Il est difficile de les citer avec précision, car les ânes sont la plupart du temps issus de croisements, et chaque propriétaire les inscrit un peu comme bon lui semble. On parle alors souvent d’âne commun. Mais les races les plus connues sont le grand noir du Berry, originaire du centre de la France, et l’âne normand.

Bye-bye Babalou!

S’il était un âne apprécié des Romands, c’était bien lui, Babalou, fidèle monture pendant dix-neuf ans de saint Nicolas lors de la traditionnelle fête organisée chaque premier samedi de décembre en ville de Fribourg.

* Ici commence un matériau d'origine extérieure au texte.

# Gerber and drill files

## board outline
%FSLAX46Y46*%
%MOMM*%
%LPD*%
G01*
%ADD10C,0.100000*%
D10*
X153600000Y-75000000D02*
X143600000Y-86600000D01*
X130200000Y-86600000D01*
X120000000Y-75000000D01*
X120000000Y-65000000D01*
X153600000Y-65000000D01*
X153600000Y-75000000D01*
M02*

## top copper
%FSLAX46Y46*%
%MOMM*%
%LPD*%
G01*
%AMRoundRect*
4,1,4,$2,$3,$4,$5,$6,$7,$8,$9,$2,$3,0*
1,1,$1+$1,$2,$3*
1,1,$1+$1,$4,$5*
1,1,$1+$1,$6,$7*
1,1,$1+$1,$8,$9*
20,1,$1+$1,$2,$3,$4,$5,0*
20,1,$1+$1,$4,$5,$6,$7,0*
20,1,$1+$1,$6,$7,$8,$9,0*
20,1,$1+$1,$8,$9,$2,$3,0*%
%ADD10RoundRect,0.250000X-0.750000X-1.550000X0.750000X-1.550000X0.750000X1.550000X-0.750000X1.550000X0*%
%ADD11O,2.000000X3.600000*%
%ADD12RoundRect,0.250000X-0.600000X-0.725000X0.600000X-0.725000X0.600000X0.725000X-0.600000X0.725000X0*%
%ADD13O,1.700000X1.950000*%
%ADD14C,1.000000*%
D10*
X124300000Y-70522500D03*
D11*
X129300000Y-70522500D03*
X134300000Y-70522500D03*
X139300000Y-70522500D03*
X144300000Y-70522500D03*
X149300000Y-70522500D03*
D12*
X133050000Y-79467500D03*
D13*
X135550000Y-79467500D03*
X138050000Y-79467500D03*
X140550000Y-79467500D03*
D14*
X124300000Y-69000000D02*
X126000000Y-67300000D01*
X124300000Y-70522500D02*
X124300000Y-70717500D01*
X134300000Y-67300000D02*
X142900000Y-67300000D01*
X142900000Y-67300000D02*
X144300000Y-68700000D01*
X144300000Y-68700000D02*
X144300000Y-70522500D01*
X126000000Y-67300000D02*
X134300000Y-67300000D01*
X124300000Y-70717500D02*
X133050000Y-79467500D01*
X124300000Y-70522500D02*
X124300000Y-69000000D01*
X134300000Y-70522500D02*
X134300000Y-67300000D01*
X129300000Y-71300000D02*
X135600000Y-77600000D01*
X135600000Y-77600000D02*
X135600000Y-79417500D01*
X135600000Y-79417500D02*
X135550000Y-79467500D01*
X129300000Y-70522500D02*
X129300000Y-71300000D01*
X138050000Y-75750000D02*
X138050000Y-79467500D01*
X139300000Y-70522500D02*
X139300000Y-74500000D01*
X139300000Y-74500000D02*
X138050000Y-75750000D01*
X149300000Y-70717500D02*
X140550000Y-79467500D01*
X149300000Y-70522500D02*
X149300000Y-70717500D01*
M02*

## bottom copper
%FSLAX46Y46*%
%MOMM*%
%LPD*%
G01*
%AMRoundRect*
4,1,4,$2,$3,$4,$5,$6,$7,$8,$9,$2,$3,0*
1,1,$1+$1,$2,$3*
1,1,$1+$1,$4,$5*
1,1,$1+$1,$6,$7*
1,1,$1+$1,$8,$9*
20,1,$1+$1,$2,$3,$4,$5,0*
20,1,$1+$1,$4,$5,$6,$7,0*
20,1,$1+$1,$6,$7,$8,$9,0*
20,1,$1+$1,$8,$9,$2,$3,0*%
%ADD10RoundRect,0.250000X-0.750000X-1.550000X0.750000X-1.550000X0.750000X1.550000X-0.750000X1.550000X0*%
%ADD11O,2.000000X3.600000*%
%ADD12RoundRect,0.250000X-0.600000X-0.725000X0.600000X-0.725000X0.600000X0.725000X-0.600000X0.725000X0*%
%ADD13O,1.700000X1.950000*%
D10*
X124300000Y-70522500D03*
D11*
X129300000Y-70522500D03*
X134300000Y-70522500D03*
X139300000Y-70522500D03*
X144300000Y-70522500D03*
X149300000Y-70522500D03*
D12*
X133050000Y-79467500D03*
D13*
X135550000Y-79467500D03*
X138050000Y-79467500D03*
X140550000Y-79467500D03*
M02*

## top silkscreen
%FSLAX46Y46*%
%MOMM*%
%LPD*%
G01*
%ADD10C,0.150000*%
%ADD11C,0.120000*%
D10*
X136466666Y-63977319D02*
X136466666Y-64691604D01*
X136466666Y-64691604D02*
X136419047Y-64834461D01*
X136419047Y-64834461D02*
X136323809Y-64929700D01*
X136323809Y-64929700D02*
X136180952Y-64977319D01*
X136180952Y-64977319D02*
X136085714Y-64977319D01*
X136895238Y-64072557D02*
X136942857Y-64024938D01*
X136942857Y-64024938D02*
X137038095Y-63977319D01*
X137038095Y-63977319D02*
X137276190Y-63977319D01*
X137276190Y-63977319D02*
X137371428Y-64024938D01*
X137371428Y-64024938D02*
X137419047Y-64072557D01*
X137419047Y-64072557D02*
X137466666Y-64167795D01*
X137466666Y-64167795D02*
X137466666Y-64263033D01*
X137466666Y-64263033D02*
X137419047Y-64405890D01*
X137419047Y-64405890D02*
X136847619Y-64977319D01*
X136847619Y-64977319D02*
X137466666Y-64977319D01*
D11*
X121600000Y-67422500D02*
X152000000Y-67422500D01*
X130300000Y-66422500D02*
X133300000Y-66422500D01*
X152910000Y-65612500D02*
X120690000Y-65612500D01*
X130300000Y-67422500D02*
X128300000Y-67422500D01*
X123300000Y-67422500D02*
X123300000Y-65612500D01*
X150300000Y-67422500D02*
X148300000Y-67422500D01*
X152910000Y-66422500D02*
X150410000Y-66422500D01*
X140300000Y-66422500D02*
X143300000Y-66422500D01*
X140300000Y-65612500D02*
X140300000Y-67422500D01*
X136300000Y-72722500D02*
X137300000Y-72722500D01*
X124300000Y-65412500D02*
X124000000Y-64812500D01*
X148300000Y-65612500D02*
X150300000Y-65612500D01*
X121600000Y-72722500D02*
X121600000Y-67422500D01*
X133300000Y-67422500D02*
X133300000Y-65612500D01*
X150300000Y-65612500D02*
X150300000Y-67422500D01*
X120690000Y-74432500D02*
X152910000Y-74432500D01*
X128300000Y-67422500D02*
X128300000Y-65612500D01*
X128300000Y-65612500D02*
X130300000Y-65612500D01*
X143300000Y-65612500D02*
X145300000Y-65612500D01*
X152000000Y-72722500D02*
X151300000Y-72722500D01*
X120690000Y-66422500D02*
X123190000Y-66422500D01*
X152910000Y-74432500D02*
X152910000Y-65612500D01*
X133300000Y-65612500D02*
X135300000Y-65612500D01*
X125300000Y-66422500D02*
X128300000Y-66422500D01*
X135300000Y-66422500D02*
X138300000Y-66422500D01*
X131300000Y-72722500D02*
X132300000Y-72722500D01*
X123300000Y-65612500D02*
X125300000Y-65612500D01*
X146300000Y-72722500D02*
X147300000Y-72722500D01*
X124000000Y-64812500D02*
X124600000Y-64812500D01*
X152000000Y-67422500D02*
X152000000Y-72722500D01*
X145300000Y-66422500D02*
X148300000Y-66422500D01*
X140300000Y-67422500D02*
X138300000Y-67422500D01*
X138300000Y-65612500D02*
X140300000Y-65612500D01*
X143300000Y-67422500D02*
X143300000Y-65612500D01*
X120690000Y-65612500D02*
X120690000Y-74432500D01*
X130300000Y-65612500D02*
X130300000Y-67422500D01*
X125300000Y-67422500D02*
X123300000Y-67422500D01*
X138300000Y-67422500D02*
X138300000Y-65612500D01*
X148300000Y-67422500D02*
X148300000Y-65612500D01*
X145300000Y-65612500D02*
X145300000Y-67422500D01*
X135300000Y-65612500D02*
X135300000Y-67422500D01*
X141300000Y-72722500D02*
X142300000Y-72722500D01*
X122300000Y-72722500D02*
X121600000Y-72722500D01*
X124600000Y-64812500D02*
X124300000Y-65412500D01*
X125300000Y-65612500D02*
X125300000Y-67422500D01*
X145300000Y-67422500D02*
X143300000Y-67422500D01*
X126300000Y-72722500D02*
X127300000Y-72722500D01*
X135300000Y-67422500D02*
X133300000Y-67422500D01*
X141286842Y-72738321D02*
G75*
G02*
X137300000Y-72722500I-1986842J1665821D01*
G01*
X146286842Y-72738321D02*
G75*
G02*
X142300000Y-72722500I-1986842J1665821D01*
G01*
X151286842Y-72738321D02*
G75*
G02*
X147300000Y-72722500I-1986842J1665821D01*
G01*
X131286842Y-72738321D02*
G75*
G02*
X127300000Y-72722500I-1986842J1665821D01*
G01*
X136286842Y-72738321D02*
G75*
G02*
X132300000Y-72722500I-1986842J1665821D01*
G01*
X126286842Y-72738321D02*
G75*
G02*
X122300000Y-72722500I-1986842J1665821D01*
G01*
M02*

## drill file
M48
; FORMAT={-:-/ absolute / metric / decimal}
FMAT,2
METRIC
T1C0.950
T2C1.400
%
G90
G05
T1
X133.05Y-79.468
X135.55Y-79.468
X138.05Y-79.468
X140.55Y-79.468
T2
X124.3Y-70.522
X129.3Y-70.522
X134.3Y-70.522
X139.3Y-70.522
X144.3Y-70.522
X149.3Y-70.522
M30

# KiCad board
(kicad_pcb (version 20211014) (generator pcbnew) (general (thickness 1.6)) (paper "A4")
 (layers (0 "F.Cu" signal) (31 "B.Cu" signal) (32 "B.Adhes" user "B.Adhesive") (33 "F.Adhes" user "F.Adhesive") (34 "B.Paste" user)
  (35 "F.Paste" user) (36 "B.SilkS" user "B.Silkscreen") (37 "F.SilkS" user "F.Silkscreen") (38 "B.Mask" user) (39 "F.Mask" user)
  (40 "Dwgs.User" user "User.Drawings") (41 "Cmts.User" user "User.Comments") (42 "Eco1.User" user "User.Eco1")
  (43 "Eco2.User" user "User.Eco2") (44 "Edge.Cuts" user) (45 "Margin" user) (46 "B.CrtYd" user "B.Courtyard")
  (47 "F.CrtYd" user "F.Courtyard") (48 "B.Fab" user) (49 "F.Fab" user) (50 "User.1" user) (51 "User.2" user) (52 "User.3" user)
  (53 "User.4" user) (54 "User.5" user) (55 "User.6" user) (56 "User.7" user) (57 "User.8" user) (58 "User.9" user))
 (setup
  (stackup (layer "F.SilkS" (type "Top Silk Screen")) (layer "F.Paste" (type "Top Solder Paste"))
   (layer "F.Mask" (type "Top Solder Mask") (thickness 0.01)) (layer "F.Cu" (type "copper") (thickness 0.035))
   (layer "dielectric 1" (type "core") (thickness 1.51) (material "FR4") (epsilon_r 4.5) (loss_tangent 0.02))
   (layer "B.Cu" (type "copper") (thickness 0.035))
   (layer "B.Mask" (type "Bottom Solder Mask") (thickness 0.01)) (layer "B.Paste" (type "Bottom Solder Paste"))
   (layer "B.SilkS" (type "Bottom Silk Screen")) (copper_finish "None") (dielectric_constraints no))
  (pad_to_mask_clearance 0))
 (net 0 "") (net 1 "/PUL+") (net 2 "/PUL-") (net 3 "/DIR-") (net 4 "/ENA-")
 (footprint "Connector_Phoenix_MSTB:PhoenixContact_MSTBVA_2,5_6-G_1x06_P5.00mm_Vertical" (layer "F.Cu") (at 124.3 70.5225)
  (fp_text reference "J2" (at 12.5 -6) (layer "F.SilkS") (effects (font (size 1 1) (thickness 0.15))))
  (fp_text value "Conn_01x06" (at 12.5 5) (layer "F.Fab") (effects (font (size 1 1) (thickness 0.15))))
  (fp_line (start -2.7 -3.1) (end 27.7 -3.1) (layer "F.SilkS") (width 0.12))
  (fp_line (start 6 -4.1) (end 9 -4.1) (layer "F.SilkS") (width 0.12))
  (fp_line (start 28.61 -4.91) (end -3.61 -4.91) (layer "F.SilkS") (width 0.12))
  (fp_line (start 6 -3.1) (end 4 -3.1) (layer "F.SilkS") (width 0.12))
  (fp_line (start -1 -3.1) (end -1 -4.91) (layer "F.SilkS") (width 0.12))
  (fp_line (start 26 -3.1) (end 24 -3.1) (layer "F.SilkS") (width 0.12))
  (fp_line (start 28.61 -4.1) (end 26.11 -4.1) (layer "F.SilkS") (width 0.12))
  (fp_line (start 16 -4.1) (end 19 -4.1) (layer "F.SilkS") (width 0.12))
  (fp_line (start 16 -4.91) (end 16 -3.1) (layer "F.SilkS") (width 0.12))
  (fp_line (start 12 2.2) (end 13 2.2) (layer "F.SilkS") (width 0.12))
  (fp_line (start 0 -5.11) (end -0.3 -5.71) (layer "F.SilkS") (width 0.12))
  (fp_line (start 24 -4.91) (end 26 -4.91) (layer "F.SilkS") (width 0.12))
  (fp_line (start -2.7 2.2) (end -2.7 -3.1) (layer "F.SilkS") (width 0.12))
  (fp_line (start 9 -3.1) (end 9 -4.91) (layer "F.SilkS") (width 0.12))
  (fp_line (start 26 -4.91) (end 26 -3.1) (layer "F.SilkS") (width 0.12))
  (fp_line (start -3.61 3.91) (end 28.61 3.91) (layer "F.SilkS") (width 0.12))
  (fp_line (start 4 -3.1) (end 4 -4.91) (layer "F.SilkS") (width 0.12))
  (fp_line (start 4 -4.91) (end 6 -4.91) (layer "F.SilkS") (width 0.12))
  (fp_line (start 19 -4.91) (end 21 -4.91) (layer "F.SilkS") (width 0.12))
  (fp_line (start 27.7 2.2) (end 27 2.2) (layer "F.SilkS") (width 0.12))
  (fp_line (start -3.61 -4.1) (end -1.11 -4.1) (layer "F.SilkS") (width 0.12))
  (fp_line (start 28.61 3.91) (end 28.61 -4.91) (layer "F.SilkS") (width 0.12))
  (fp_line (start 9 -4.91) (end 11 -4.91) (layer "F.SilkS") (width 0.12))
  (fp_line (start 1 -4.1) (end 4 -4.1) (layer "F.SilkS") (width 0.12))
  (fp_line (start 11 -4.1) (end 14 -4.1) (layer "F.SilkS") (width 0.12))
  (fp_line (start 7 2.2) (end 8 2.2) (layer "F.SilkS") (width 0.12))
  (fp_line (start -1 -4.91) (end 1 -4.91) (layer "F.SilkS") (width 0.12))
  (fp_line (start 22 2.2) (end 23 2.2) (layer "F.SilkS") (width 0.12))
  (fp_line (start -0.3 -5.71) (end 0.3 -5.71) (layer "F.SilkS") (width 0.12))
  (fp_line (start 27.7 -3.1) (end 27.7 2.2) (layer "F.SilkS") (width 0.12))
  (fp_line (start 21 -4.1) (end 24 -4.1) (layer "F.SilkS") (width 0.12))
  (fp_line (start 16 -3.1) (end 14 -3.1) (layer "F.SilkS") (width 0.12))
  (fp_line (start 14 -4.91) (end 16 -4.91) (layer "F.SilkS") (width 0.12))
  (fp_line (start 19 -3.1) (end 19 -4.91) (layer "F.SilkS") (width 0.12))
  (fp_line (start -3.61 -4.91) (end -3.61 3.91) (layer "F.SilkS") (width 0.12))
  (fp_line (start 6 -4.91) (end 6 -3.1) (layer "F.SilkS") (width 0.12))
  (fp_line (start 1 -3.1) (end -1 -3.1) (layer "F.SilkS") (width 0.12))
  (fp_line (start 14 -3.1) (end 14 -4.91) (layer "F.SilkS") (width 0.12))
  (fp_line (start 24 -3.1) (end 24 -4.91) (layer "F.SilkS") (width 0.12))
  (fp_line (start 21 -4.91) (end 21 -3.1) (layer "F.SilkS") (width 0.12))
  (fp_line (start 11 -4.91) (end 11 -3.1) (layer "F.SilkS") (width 0.12))
  (fp_line (start 17 2.2) (end 18 2.2) (layer "F.SilkS") (width 0.12))
  (fp_line (start -2 2.2) (end -2.7 2.2) (layer "F.SilkS") (width 0.12))
  (fp_line (start 0.3 -5.71) (end 0 -5.11) (layer "F.SilkS") (width 0.12))
  (fp_line (start 1 -4.91) (end 1 -3.1) (layer "F.SilkS") (width 0.12))
  (fp_line (start 21 -3.1) (end 19 -3.1) (layer "F.SilkS") (width 0.12))
  (fp_line (start 2 2.2) (end 3 2.2) (layer "F.SilkS") (width 0.12))
  (fp_line (start 11 -3.1) (end 9 -3.1) (layer "F.SilkS") (width 0.12))
  (fp_arc (start 16.986842 2.215821) (mid 14.989711 3.142758) (end 13 2.2) (layer "F.SilkS") (width 0.12))
  (fp_arc (start 21.986842 2.215821) (mid 19.989711 3.142758) (end 18 2.2) (layer "F.SilkS") (width 0.12))
  (fp_arc (start 26.986842 2.215821) (mid 24.989711 3.142758) (end 23 2.2) (layer "F.SilkS") (width 0.12))
  (fp_arc (start 6.986842 2.215821) (mid 4.989711 3.142758) (end 3 2.2) (layer "F.SilkS") (width 0.12))
  (fp_arc (start 11.986842 2.215821) (mid 9.989711 3.142758) (end 8 2.2) (layer "F.SilkS") (width 0.12))
  (fp_arc (start 1.986842 2.215821) (mid -0.010289 3.142758) (end -2 2.2) (layer "F.SilkS") (width 0.12))
  (pad "1" thru_hole roundrect (at 0 0) (size 2 3.6) (drill 1.4) (layers *.Cu *.Mask) (roundrect_rratio 0.125) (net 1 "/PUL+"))
  (pad "2" thru_hole oval (at 5 0) (size 2 3.6) (drill 1.4) (layers *.Cu *.Mask) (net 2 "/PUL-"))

Né le 12 mars 1995 au Haras national d’Avenches (VD) d’une ânesse suisse et d’un mâle italien, la célèbre mascotte aux longues oreilles s’en est allée il y a quelques jours. À 25 ans, il faisait partie des rares ânes reproducteurs du Haras national. C’est Balou, âne des Pyrénées âgé de 9 ans, qui lui succédera lors des défilés de la Saint-Nicolas dans les rues de Fribourg.